To the same effect, see 3 C.J. 446, 502. And it has been held that a final judgment, order, or decree is one that puts an end to the action or cause and leaves nothing to be determined (3 C.J. 441; Oldroyd v. McCrea, 65 Utah, 142, 235 P. 580, 40 A. L. R. 230; Riley v. Jarvis, 43 W.Va. 43, 26 S.E. 366; Ft. Worth Imp. Dist. No. 1 v. Ft. Worth, 106 Tex. 148, 158 S.W. 164, 48 L. R. A. (N. S.) 994; St. L. etc., R. Co. v. So. Exp. Co., 108 U.S. 24, 2 S.Ct. 6, 27 L.Ed. 638; Case v. Ladd, 2 Allen (Mass.) 130; 2 R. C. L. 39), and that a judgment or decree is not final or appealable unless it determines the merits of the controversy or the rights of the parties and leaves nothing for future determination. 3 C.J. 441; Billings v. Charlotte Observer, 150 N.C. 540, 64 S.E. 435; Sullivan v. A. B. & D. of U.S., etc. (C. C. A.) 6 F. (2d) 1000, 42 A. L. R. 503; Trade Discount Co. v. J. R. Cox & Co., 143 Ky. 515, 136 S.W. 901; Luxton v. North River Bridge Co., 147 U.S. 337, 13 S.Ct. 356, 37 L.Ed. 194.

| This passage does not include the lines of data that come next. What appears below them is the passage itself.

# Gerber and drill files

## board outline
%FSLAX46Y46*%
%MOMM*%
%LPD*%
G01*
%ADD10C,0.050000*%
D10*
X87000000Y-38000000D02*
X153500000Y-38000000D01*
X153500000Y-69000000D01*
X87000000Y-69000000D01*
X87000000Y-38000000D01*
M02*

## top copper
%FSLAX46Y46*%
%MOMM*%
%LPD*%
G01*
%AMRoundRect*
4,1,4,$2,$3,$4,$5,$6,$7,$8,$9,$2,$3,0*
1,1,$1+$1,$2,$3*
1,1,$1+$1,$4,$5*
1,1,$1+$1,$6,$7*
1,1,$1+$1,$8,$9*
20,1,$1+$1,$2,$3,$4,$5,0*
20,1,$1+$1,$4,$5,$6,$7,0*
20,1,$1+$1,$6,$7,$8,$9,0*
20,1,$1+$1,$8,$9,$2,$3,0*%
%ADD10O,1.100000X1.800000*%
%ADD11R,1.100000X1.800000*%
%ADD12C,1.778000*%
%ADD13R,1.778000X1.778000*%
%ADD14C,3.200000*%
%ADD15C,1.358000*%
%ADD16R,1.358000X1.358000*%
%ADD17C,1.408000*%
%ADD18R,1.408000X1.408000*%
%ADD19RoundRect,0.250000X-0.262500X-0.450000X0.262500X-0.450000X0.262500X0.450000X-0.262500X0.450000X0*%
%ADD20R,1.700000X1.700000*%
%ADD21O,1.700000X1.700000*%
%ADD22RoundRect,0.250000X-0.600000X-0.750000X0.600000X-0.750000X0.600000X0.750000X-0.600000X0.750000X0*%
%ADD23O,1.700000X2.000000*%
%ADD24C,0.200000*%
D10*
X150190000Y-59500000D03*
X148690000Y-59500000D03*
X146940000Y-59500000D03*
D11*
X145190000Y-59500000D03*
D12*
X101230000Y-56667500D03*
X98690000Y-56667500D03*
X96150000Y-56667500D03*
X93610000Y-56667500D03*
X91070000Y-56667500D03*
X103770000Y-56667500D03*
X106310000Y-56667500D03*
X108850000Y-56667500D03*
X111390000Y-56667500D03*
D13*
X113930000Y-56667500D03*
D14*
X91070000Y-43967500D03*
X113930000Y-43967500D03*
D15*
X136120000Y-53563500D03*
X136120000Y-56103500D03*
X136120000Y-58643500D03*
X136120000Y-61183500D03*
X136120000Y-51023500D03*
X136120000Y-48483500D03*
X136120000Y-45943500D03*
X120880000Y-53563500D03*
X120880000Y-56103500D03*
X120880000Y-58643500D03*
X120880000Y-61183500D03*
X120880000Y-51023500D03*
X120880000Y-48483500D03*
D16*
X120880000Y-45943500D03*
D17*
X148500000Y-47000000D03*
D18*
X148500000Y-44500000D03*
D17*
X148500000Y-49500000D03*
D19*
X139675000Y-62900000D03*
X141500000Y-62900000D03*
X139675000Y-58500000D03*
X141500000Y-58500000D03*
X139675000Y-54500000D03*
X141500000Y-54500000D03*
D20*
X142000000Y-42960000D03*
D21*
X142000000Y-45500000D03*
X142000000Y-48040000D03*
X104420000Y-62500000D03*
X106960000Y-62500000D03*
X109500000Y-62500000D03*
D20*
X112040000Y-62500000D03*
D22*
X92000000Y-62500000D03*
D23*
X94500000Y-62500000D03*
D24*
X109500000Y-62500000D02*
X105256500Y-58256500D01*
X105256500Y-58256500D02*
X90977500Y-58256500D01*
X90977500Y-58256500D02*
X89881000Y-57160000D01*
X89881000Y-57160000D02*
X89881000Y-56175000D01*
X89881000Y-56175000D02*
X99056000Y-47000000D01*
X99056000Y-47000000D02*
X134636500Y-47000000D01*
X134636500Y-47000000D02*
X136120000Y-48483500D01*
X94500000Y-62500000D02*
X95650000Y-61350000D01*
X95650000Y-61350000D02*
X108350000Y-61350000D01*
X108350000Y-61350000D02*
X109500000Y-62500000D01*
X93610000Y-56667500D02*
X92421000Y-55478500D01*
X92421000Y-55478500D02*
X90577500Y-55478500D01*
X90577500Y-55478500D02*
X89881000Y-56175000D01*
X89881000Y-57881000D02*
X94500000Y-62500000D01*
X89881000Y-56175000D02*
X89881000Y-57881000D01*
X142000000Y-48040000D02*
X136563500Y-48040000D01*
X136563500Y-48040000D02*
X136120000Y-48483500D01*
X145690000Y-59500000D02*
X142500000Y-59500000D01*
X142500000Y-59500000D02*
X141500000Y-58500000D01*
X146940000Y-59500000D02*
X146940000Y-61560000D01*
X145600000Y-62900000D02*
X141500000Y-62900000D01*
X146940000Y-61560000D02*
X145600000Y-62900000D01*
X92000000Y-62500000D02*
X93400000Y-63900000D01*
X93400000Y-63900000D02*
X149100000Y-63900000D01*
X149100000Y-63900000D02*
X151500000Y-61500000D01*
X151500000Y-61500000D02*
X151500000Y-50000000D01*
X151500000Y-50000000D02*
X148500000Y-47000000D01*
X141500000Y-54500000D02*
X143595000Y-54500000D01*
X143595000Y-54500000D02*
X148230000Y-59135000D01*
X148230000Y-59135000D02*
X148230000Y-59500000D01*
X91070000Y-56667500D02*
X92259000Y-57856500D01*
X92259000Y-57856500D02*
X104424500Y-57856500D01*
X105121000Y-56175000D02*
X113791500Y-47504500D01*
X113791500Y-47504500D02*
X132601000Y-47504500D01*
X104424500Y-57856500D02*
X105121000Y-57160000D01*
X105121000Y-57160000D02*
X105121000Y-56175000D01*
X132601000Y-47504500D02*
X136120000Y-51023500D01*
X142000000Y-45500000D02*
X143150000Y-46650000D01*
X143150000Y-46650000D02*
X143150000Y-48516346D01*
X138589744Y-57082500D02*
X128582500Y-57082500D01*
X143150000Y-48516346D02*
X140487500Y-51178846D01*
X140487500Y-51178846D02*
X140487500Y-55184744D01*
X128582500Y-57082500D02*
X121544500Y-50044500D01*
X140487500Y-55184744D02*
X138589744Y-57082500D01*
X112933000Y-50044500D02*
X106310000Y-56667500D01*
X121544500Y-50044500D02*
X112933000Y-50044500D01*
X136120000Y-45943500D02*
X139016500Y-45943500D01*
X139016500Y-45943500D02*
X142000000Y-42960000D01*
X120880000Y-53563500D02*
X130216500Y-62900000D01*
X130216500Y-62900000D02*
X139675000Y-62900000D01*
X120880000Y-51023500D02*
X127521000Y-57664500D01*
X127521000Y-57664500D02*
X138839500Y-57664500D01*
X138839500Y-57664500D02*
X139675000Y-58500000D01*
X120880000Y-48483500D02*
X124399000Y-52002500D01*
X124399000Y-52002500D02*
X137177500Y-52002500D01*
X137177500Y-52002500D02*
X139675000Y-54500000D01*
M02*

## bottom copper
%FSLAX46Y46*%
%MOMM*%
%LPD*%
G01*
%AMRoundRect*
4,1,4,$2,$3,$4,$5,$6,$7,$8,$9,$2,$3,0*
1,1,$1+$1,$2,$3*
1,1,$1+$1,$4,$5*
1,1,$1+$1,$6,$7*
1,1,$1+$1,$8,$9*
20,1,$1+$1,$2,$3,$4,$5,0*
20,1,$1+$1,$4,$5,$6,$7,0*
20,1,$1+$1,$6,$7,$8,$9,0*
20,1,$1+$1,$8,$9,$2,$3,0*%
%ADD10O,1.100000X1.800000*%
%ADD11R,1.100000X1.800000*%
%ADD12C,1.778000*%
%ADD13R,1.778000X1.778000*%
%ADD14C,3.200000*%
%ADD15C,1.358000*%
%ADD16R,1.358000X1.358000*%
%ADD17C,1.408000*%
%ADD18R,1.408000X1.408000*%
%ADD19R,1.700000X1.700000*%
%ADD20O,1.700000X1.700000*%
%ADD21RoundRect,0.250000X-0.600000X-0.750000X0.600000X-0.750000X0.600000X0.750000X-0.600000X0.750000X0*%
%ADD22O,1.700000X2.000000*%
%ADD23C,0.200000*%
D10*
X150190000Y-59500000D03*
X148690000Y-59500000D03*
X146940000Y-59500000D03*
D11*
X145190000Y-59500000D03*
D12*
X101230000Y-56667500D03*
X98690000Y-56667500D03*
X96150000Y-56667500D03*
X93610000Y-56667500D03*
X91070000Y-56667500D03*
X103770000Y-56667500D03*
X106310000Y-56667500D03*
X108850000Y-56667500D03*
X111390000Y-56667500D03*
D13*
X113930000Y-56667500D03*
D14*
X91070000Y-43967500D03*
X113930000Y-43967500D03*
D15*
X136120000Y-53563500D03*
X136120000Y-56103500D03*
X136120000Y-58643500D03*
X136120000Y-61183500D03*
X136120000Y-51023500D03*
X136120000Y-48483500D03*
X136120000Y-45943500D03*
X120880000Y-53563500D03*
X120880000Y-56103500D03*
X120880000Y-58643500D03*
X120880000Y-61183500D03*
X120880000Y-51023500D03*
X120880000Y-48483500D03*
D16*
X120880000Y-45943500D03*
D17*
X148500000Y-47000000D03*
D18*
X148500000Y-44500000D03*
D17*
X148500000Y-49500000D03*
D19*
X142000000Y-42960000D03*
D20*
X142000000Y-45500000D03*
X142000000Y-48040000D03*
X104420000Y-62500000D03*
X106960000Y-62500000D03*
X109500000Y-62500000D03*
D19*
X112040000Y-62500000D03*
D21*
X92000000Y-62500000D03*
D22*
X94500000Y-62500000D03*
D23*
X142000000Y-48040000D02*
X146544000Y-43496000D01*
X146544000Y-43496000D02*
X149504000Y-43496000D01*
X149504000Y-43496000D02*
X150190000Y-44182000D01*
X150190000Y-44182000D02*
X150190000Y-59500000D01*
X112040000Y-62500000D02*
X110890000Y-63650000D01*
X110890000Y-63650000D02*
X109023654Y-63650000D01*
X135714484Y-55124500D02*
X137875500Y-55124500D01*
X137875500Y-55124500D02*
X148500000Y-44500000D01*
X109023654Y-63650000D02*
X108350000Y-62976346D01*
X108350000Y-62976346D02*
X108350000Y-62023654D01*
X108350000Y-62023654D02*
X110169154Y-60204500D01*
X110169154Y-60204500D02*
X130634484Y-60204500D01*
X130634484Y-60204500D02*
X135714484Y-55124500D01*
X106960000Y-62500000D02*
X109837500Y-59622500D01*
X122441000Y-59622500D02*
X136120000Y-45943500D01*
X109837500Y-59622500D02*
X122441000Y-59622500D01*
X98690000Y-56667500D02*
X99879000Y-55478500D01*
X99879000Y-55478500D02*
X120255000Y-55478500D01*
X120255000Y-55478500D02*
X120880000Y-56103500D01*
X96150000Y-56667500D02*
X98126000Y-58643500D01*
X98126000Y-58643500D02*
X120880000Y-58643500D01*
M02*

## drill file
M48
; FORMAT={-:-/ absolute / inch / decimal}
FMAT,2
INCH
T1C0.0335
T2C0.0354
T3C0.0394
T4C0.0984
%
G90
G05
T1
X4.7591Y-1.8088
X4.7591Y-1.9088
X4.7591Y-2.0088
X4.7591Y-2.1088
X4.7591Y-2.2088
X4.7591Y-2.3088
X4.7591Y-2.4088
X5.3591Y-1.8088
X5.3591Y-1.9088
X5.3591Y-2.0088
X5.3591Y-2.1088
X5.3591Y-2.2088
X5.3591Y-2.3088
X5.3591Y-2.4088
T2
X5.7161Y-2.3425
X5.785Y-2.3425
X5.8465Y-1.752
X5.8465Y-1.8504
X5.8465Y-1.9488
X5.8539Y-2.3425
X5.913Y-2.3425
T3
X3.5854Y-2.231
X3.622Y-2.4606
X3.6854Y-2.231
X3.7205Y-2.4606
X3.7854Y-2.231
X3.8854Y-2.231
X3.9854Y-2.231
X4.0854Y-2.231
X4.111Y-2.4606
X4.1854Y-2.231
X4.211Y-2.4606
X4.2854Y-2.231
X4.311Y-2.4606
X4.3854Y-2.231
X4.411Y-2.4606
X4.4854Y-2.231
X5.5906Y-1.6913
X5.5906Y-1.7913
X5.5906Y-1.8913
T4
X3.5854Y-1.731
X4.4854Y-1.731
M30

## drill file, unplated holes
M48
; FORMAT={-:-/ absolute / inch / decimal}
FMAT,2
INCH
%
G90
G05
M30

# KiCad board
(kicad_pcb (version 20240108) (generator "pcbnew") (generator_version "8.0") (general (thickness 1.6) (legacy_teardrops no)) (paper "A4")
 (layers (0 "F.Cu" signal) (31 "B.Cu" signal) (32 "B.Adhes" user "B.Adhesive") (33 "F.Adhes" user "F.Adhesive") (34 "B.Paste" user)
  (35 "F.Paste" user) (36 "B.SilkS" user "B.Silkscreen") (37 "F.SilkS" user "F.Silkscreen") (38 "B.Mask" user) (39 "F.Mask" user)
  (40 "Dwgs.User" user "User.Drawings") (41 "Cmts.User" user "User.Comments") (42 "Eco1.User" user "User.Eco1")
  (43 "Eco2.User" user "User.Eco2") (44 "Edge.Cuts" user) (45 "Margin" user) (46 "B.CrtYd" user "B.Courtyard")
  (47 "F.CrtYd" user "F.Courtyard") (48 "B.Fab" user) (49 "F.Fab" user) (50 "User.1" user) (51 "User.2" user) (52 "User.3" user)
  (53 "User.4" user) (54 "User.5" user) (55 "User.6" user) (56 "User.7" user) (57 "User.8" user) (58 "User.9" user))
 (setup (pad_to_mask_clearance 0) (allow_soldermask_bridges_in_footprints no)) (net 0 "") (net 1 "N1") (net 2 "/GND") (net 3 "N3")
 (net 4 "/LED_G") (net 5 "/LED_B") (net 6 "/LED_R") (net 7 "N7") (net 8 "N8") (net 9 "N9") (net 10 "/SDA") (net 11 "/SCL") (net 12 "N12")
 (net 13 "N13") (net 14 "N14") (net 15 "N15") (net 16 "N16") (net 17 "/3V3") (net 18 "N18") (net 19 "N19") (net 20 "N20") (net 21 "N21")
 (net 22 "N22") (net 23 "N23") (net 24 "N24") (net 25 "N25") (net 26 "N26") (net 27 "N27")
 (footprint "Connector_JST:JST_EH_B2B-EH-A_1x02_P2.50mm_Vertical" (layer "F.Cu") (at 92 62.5)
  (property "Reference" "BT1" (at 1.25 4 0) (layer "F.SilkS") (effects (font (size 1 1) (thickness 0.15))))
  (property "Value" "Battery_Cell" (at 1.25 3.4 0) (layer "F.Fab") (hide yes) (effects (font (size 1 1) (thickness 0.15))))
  (pad "1" thru_hole roundrect (at 0 0) (size 1.7 2) (drill 1) (layers "*.Cu" "*.Mask") (remove_unused_layers no)
   (roundrect_rratio 0.147059) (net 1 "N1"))
  (pad "2" thru_hole oval (at 2.5 0) (size 1.7 2) (drill 1) (layers "*.Cu" "*.Mask") (remove_unused_layers no) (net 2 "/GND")))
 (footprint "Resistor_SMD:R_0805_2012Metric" (layer "F.Cu") (at 140.5875 58.5)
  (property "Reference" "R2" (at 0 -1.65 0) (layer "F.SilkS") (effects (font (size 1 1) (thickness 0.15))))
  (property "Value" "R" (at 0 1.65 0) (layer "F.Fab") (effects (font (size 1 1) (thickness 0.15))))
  (pad "1" smd roundrect (at -0.9125 0) (size 1.025 1.4) (layers "F.Cu" "F.Paste" "F.Mask") (roundrect_rratio 0.243902) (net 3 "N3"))
  (pad "2" smd roundrect (at 0.9125 0) (size 1.025 1.4) (layers "F.Cu" "F.Paste" "F.Mask") (roundrect_rratio 0.243902) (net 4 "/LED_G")))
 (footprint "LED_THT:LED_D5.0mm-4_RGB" (layer "F.Cu") (at 145.69 59.5)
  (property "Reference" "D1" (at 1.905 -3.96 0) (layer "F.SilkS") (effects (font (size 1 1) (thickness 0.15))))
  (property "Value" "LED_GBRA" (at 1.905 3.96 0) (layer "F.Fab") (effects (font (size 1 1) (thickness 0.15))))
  (pad "1" thru_hole rect (at -0.5 0) (size 1.1 1.8) (drill 0.9) (layers "*.Cu" "*.Mask") (remove_unused_layers no) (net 4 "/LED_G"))
  (pad "2" thru_hole oval (at 1.25 0) (size 1.1 1.8) (drill 0.9) (layers "*.Cu" "*.Mask") (remove_unused_layers no) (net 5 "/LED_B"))
  (pad "3" thru_hole oval (at 3 0) (size 1.1 1.8) (drill 0.9) (layers "*.Cu" "*.Mask") (remove_unused_layers no) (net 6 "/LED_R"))
  (pad "4" thru_hole oval (at 4.5 0) (size 1.1 1.8) (drill 0.9) (layers "*.Cu" "*.Mask") (remove_unused_layers no) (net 2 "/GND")))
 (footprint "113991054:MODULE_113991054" (layer "F.Cu") (at 128.5 53.5)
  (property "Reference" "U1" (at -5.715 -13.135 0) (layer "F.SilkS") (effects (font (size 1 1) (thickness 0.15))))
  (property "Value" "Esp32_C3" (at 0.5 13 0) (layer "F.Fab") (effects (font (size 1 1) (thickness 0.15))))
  (pad "1" thru_hole rect (at -7.62 -7.5565) (size 1.358 1.358) (drill 0.85) (layers "*.Cu" "*.Mask") (remove_unused_layers no) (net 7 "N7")
   (solder_mask_margin 0.102))
  (pad "2" thru_hole circle (at -7.62 -5.0165) (size 1.358 1.358) (drill 0.85) (layers "*.Cu" "*.Mask") (remove_unused_layers no)
   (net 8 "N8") (solder_mask_margin 0.102))
  (pad "3" thru_hole circle (at -7.62 -2.4765) (size 1.358 1.358) (drill 0.85) (layers "*.Cu" "*.Mask") (remove_unused_layers no)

The reason assigned by some of the courts for the rule requiring all of the issues to be finally disposed of before an appeal shall be taken is to avoid delay and confusion arising from multiplied and successive appeals. Luxton v. North River Bridge Co., supra; Payne v. Satterfield, 114 Tenn. 58, 84 S.W. 800; Sholty v. Sholty, 140 Ill. 81, 29 N.E. 1041.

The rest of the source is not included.